**WHAT TO DO**
Using the records below, write out again exactly the lines that begin at the line containing "X115500000Y-107500000D01*" and end at the line containing "X121250000Y-124750000D02*", and no other lines.

**WORKING DATA**
------------------------------------------------------------------------

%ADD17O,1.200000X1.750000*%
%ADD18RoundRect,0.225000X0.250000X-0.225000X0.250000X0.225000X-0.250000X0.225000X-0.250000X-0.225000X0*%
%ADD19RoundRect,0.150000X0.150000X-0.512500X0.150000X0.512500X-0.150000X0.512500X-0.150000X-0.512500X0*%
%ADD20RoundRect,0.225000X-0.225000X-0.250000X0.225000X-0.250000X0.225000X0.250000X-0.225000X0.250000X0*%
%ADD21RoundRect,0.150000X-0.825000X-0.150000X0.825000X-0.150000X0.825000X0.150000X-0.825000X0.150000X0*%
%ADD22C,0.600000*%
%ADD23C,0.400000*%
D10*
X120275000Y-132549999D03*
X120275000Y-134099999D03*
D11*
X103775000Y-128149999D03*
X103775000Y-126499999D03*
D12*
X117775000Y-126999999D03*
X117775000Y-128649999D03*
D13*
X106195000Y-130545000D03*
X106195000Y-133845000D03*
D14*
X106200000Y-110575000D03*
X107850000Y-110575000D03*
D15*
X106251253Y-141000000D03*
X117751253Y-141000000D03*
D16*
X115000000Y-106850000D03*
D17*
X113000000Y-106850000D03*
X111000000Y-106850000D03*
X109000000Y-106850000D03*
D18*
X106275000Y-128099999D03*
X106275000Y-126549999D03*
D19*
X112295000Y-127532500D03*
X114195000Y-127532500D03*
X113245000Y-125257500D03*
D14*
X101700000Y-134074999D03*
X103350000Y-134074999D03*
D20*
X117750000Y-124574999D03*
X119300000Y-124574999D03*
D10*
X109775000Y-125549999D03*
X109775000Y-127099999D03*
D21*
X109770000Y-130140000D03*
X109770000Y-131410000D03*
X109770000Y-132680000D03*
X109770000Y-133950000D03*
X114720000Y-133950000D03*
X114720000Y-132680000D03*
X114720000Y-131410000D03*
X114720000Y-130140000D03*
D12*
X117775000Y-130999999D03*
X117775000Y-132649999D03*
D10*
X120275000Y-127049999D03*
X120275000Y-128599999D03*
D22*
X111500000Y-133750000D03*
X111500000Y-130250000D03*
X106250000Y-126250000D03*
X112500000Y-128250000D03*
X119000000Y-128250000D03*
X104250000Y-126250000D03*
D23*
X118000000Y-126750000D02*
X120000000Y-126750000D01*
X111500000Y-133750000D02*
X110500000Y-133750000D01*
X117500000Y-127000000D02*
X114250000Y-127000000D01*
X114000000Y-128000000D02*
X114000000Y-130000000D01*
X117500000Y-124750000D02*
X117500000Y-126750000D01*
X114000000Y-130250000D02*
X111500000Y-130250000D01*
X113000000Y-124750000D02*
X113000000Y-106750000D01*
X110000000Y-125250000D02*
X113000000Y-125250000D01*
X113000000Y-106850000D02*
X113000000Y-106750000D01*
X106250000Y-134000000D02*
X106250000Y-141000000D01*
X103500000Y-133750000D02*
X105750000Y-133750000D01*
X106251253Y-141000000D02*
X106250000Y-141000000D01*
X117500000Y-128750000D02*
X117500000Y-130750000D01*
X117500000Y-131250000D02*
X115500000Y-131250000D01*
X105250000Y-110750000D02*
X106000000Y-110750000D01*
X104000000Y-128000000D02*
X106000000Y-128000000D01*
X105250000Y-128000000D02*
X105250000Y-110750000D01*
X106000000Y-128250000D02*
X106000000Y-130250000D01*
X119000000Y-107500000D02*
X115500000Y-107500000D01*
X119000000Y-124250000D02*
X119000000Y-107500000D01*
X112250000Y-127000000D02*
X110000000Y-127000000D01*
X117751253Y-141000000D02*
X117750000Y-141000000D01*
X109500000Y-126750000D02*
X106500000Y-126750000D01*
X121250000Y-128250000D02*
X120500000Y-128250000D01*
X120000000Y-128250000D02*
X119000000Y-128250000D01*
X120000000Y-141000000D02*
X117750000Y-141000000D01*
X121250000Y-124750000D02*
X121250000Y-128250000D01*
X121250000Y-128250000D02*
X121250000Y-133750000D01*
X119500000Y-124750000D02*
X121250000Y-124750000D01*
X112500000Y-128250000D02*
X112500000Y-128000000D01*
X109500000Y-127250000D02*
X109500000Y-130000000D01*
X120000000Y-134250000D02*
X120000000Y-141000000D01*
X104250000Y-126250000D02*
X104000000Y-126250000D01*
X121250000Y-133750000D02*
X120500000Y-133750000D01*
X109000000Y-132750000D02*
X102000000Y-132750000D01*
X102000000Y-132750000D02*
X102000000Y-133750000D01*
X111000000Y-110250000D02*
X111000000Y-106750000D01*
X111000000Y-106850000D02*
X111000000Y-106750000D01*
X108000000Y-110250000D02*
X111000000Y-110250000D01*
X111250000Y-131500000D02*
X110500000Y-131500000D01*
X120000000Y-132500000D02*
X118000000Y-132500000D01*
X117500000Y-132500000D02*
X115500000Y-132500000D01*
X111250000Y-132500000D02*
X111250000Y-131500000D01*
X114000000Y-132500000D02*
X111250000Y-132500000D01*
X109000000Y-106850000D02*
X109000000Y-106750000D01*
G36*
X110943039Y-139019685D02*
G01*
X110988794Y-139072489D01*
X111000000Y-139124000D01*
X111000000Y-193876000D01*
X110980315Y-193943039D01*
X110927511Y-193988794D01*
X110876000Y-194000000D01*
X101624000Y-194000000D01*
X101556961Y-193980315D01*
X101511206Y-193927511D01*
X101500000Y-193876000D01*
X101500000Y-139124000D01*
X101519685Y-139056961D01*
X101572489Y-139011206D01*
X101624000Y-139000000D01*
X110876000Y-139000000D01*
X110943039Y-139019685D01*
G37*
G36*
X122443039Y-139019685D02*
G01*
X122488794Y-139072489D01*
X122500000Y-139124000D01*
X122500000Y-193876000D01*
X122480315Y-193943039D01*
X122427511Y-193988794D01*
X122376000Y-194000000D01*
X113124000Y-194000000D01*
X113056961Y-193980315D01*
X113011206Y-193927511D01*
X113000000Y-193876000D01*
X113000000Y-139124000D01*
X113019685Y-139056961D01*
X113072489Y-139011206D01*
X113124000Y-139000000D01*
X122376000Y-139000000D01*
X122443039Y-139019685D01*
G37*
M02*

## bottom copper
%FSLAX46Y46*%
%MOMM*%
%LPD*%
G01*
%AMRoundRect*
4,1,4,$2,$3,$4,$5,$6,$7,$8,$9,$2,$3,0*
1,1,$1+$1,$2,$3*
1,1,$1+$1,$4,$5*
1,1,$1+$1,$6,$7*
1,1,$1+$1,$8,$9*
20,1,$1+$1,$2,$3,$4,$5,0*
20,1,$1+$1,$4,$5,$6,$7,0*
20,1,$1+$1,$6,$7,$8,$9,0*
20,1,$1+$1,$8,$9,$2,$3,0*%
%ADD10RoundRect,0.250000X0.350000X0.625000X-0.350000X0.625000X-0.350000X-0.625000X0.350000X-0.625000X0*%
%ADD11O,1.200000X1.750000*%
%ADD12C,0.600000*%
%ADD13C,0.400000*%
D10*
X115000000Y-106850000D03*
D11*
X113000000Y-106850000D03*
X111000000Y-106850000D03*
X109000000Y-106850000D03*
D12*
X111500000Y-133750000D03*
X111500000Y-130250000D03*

------------------------------------------------------------------------

**RESULT OF THE TASK**
X115500000Y-107500000D01*
X119000000Y-124250000D02*
X119000000Y-107500000D01*
X112250000Y-127000000D02*
X110000000Y-127000000D01*
X117751253Y-141000000D02*
X117750000Y-141000000D01*
X109500000Y-126750000D02*
X106500000Y-126750000D01*
X121250000Y-128250000D02*
X120500000Y-128250000D01*
X120000000Y-128250000D02*
X119000000Y-128250000D01*
X120000000Y-141000000D02*
X117750000Y-141000000D01*
X121250000Y-124750000D02*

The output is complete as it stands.